I could go on and on. Archaic values, a twist in the plot that comes and goes without so much as making an atom of impact, characters whose biggest challenge seem to be staying in character, and some unimaginably lazy writing — these are all highlights of Garg’s film. I gave it a lot of thought and yet failed to find anything original in the film — anything at all.
In one of the most unintentionally comic moments of the film, the film’s protagonist Anirban has been deprived of a job despite doing very well in his UPSC exams, and the young man is cursing the state of decay and corruption our country is in (I find it surprising that he took so long to take notice of this fact) — by mouthing line after line of emotionally supercharged monologue, interspersed with low grunts, followed by breaking the fourth wall and uttering the word ‘system’ with great disdain. I don’t know about the rest of the people in the theatre, but I was laughing so hard that I could not possibly feel bad for the poor chap’s state of mind.
The villain of the film — a big mafia boss — is a ruthless land-grabber who seems to be forever upset with his squeeze (said annoying moll who is always seen with her pet dog, saying some of the most inane things ever in cinematic history). I contest the disclaimer given at the beginning, right before the title credits. That poor animal has been subjected to unforgivable cruelty in the making of this film.
But not as much as we — the audience — have had to face, for the dog was not present in every scene. We were.

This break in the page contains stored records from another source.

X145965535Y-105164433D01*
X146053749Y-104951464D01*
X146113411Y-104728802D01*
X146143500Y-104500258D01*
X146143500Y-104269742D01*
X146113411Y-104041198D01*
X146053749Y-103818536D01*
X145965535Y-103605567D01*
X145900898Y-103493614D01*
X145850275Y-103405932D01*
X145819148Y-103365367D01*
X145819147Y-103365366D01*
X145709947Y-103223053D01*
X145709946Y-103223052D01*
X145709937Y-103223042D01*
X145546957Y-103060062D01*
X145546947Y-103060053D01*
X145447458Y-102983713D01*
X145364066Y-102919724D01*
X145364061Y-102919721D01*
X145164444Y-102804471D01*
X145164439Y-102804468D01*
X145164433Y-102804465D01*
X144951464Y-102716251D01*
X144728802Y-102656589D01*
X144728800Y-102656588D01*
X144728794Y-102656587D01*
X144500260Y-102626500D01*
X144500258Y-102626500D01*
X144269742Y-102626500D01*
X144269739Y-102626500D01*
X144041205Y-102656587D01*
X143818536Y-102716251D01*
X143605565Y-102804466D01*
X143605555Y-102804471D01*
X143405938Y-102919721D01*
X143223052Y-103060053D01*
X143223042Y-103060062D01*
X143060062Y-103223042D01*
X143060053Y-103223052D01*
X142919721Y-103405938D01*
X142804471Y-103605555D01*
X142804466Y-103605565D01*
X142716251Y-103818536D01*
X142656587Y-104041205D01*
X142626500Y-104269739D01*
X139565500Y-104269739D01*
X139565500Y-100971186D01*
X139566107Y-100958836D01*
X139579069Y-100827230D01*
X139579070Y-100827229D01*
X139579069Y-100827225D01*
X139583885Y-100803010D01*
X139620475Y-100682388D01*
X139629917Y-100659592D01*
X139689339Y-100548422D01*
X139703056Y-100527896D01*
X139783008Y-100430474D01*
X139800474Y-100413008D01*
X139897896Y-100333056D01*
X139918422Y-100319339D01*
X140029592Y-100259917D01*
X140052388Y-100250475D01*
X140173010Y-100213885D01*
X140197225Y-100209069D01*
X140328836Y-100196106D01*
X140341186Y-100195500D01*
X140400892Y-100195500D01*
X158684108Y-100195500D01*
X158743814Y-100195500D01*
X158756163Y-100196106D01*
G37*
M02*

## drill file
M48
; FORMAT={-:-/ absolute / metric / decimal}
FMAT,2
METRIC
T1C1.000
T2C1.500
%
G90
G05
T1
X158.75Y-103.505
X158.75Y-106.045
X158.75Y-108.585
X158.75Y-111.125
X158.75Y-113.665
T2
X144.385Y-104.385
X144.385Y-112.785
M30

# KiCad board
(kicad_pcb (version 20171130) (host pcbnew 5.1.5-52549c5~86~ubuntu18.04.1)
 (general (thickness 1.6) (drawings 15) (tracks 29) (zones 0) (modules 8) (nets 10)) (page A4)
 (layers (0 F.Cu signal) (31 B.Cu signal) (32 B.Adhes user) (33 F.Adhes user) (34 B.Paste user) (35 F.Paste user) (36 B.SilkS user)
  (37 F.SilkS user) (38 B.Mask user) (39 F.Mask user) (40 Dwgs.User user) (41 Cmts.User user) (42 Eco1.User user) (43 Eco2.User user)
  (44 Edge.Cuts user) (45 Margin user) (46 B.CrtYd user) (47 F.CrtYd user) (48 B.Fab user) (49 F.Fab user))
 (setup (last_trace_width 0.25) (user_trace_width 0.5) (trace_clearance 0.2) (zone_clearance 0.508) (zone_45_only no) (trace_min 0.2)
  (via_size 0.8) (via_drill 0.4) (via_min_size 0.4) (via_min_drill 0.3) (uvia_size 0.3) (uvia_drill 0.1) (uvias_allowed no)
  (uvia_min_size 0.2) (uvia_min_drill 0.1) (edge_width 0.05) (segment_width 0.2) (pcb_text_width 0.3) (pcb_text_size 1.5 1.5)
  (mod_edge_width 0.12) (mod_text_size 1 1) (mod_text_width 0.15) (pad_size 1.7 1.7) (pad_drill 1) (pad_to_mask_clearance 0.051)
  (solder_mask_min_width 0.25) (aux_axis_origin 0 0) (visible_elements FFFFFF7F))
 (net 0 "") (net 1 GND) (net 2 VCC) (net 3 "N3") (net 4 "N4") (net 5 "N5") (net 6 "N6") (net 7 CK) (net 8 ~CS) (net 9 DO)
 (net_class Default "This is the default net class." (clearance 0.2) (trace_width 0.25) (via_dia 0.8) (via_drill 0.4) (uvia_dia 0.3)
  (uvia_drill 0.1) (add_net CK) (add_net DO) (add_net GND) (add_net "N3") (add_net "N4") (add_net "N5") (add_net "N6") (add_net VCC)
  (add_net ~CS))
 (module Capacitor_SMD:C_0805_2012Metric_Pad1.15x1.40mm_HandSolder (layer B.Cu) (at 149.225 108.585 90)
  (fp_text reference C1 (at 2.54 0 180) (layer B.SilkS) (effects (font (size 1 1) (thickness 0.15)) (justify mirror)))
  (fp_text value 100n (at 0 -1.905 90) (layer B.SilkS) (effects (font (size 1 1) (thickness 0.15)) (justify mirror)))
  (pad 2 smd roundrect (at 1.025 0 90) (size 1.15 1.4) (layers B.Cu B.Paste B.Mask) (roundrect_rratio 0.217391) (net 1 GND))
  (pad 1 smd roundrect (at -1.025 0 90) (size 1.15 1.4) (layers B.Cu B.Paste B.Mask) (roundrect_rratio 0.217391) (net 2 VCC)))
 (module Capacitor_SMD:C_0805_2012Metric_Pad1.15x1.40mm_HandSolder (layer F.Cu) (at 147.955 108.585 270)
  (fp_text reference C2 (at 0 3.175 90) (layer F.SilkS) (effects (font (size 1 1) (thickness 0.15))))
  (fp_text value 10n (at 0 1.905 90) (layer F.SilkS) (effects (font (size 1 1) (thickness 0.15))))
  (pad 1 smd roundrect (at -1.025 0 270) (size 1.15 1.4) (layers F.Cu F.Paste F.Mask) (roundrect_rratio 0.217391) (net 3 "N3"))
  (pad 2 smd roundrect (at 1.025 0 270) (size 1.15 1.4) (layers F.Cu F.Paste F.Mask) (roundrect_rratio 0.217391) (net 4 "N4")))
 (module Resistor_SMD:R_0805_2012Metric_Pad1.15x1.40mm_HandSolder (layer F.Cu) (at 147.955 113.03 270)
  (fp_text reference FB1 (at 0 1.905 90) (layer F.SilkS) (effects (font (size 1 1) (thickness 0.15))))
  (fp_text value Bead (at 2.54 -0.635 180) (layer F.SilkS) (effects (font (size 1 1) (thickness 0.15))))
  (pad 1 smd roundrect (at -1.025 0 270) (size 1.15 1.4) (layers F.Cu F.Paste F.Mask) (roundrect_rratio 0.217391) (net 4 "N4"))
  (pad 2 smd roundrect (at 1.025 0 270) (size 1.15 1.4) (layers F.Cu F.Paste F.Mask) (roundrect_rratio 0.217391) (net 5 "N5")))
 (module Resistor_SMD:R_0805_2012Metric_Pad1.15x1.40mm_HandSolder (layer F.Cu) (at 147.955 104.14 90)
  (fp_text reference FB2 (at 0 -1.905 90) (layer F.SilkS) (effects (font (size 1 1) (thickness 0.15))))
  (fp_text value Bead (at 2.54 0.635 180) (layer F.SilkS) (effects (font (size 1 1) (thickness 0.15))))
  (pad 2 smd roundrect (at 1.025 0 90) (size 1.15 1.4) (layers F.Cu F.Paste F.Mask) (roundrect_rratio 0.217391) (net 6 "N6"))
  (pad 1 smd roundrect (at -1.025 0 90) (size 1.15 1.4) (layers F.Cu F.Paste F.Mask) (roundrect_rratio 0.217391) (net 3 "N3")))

I have nothing nice to say about the performances, except perhaps the one by a madcap friend who always seems to be appearing out of nowhere in order to instigate everyone to take up arms against injustice. Garg’s own performance — as I said before — is amateurish at best. I could not connect with a single character, including and especially not with the ones who were wronged. The only thing that perhaps kept me in my senses was the music, which had some grace and elegance. A song titled ‘Panchana’, accompanying the tragic separation of Anirban and his girlfriend, stands out. Having said that, the scene itself is so silly, that the song is best enjoyed with your eyes securely shut.
Assam has given us some great films and filmmakers. It offers a much sought after glimpse into a unique lifestyle, a beautiful terrain and a rich culture. With such a grand and magnificent land as its backdrop, one should not — rather cannot — go wrong with beautiful stories to tell too. Alas, Zubeen Garg’s Kanchanjangha is just not one of those stories. With all my bias towards Assam, I can state, with no hesitation that Assamese cinema deserves better.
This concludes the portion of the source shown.